### HOW TO COMPLETE THIS TASK
Among the entries below, please show each line that carries the word "reference".

Excerpts from a dataset:
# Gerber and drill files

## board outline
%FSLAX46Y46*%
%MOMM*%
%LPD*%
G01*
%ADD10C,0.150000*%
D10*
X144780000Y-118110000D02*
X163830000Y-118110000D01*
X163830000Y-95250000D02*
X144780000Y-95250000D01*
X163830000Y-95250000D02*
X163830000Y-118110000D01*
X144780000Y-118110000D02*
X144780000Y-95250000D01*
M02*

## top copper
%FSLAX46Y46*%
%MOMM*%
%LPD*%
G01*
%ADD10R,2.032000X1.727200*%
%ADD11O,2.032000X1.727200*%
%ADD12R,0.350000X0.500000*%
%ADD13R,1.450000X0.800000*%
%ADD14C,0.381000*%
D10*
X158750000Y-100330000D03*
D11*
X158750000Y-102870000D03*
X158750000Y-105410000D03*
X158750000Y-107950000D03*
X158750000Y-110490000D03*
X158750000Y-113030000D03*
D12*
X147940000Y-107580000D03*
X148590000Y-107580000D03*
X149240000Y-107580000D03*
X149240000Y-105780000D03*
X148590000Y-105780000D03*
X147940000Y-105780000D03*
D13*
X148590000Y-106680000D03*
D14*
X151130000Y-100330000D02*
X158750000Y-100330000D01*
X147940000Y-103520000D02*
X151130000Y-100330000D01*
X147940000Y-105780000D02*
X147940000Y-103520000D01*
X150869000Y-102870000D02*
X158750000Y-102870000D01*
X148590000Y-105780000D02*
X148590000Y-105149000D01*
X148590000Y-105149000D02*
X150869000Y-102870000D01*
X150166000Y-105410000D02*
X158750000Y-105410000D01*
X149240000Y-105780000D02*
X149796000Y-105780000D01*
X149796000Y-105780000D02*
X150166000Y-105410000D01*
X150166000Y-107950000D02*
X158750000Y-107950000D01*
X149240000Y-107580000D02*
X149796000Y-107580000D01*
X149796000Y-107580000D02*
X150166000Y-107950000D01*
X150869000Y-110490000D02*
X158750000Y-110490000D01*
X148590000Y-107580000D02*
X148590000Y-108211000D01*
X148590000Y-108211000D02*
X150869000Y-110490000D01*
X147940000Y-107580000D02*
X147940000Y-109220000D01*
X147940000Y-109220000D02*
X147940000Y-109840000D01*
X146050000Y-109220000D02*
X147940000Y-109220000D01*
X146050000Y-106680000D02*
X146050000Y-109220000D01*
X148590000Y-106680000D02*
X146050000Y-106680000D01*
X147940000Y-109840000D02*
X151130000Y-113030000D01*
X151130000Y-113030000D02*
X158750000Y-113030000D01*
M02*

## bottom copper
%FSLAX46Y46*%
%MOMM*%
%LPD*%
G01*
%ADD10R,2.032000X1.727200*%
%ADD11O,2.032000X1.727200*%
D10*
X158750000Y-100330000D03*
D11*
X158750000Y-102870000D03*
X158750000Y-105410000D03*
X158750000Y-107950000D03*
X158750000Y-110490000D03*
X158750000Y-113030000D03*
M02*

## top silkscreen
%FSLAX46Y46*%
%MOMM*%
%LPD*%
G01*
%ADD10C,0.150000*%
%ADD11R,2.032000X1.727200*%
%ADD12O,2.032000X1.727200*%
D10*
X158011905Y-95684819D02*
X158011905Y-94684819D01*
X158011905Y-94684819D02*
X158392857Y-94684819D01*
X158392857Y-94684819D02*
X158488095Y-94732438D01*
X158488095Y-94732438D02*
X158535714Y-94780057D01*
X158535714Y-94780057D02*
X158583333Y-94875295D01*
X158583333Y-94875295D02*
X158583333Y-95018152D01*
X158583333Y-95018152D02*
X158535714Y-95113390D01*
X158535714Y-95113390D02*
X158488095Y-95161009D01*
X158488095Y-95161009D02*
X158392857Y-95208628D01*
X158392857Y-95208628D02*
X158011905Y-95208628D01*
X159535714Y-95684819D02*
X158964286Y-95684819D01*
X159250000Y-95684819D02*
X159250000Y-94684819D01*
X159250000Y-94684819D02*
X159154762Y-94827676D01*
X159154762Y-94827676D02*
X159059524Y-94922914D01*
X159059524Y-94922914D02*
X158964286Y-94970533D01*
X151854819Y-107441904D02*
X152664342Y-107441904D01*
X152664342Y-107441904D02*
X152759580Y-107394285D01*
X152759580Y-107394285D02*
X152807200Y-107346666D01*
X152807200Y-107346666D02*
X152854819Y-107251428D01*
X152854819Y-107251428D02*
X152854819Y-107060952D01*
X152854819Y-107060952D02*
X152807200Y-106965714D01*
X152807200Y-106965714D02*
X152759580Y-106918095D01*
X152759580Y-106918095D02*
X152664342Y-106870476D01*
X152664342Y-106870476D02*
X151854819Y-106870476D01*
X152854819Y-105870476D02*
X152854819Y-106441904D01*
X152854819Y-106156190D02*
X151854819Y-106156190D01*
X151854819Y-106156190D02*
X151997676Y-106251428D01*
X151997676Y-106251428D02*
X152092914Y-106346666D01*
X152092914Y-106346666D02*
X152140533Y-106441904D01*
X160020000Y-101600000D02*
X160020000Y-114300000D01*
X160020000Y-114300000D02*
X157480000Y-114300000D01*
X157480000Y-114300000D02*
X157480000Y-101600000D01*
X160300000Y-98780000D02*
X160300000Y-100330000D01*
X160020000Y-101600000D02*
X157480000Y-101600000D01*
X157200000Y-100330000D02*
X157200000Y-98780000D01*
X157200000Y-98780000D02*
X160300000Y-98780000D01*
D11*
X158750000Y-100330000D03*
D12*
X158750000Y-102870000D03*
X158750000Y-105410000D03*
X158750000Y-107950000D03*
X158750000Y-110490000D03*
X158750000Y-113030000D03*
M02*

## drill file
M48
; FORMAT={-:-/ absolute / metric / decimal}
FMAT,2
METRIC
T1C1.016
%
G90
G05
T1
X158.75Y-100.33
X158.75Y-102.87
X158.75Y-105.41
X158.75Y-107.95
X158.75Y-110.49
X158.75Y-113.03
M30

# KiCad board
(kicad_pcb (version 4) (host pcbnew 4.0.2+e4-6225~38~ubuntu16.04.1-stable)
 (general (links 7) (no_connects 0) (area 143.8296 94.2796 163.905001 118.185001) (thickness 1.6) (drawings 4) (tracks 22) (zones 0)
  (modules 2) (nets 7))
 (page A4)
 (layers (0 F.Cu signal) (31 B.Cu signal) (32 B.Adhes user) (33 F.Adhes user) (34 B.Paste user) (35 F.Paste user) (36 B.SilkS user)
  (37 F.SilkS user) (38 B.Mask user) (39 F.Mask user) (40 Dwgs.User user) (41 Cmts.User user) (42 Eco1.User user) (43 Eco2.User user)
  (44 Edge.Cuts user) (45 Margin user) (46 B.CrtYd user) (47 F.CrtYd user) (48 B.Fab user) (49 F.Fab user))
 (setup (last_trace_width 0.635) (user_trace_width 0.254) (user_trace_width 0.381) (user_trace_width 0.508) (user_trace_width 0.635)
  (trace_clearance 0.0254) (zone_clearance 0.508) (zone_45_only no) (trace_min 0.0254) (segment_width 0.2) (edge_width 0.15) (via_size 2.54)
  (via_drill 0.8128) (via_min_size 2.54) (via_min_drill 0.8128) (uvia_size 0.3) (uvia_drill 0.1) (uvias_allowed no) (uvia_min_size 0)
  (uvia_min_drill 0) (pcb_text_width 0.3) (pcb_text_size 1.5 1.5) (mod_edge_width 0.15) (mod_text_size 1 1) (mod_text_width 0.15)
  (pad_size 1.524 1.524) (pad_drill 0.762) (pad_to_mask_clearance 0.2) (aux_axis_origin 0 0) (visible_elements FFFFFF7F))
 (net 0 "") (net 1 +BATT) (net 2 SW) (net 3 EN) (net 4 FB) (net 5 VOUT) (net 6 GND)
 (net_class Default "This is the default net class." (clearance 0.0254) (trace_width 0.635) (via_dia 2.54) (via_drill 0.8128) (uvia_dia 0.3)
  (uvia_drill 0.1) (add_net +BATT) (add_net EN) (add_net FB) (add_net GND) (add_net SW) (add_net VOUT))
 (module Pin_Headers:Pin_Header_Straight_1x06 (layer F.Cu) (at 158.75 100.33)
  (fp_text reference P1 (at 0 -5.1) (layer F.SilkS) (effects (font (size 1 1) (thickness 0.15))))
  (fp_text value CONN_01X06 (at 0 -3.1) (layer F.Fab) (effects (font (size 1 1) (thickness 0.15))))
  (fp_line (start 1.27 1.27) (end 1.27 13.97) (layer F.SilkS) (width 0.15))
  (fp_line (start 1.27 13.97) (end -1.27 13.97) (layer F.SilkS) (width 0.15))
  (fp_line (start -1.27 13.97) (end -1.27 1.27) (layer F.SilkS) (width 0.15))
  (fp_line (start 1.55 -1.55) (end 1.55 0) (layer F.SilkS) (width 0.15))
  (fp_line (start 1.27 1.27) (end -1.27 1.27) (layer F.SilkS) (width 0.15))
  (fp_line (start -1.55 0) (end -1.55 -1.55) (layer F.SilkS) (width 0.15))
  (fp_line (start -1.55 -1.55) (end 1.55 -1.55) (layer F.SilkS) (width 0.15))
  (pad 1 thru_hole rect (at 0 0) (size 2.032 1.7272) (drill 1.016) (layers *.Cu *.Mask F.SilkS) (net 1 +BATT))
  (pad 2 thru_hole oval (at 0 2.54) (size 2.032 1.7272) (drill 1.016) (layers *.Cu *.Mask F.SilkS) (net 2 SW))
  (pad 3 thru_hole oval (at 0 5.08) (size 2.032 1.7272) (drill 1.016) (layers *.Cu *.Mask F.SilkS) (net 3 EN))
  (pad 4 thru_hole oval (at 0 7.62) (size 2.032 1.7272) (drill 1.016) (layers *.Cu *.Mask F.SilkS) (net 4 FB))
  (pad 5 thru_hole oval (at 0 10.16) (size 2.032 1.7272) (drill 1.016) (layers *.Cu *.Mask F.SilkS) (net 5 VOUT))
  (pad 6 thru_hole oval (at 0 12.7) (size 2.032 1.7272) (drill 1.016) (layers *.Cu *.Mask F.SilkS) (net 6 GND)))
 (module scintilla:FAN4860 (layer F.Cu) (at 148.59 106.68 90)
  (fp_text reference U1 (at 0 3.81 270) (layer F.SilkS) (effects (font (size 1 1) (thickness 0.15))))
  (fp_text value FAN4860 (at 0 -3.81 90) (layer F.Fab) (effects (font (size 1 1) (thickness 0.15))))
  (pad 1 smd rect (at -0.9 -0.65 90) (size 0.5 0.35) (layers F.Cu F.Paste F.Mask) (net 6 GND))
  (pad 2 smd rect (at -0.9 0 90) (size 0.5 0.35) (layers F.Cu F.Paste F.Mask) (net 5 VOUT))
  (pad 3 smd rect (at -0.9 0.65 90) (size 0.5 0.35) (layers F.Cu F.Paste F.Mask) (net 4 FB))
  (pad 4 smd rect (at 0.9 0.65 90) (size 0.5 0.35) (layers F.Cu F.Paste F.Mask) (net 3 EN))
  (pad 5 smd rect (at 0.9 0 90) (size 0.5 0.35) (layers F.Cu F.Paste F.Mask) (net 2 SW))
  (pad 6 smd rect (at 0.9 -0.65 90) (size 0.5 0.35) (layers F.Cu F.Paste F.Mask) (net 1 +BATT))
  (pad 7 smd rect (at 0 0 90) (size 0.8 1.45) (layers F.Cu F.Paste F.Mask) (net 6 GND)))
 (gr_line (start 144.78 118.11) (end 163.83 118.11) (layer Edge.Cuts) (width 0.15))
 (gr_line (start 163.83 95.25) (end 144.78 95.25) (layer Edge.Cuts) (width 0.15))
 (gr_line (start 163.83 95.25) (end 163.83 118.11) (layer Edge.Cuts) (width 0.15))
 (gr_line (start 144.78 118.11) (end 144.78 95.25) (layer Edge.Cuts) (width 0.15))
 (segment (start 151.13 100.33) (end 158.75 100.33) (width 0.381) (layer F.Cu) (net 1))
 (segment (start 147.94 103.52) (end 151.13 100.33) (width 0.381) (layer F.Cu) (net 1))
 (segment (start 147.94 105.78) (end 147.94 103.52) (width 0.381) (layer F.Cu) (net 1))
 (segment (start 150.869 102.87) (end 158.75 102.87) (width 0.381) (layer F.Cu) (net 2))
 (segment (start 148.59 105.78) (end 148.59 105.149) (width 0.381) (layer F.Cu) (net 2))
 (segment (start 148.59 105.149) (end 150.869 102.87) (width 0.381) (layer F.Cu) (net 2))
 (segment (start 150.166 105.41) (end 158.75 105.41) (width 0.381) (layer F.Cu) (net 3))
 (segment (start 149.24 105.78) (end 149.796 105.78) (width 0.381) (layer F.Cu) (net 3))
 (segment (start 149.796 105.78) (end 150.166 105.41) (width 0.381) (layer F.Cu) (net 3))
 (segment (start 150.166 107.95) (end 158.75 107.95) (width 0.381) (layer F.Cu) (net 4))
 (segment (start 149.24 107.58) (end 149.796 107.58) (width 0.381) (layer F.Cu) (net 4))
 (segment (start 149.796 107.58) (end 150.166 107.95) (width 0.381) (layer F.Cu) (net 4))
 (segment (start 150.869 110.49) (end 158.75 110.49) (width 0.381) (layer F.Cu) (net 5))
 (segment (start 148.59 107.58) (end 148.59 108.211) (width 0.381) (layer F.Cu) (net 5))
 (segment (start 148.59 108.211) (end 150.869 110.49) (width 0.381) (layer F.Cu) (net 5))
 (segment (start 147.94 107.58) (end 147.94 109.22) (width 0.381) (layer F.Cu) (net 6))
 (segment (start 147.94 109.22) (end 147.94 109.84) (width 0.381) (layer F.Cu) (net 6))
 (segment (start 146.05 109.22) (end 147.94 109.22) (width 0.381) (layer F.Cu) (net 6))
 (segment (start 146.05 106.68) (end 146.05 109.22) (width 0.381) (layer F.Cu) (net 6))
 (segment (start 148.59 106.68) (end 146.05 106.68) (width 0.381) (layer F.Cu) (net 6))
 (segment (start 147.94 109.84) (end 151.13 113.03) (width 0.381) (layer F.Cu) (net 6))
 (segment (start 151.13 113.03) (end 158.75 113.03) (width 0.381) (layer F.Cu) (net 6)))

### RESULT OF THE TASK
  (fp_text reference P1 (at 0 -5.1) (layer F.SilkS) (effects (font (size 1 1) (thickness 0.15))))
  (fp_text reference U1 (at 0 3.81 270) (layer F.SilkS) (effects (font (size 1 1) (thickness 0.15))))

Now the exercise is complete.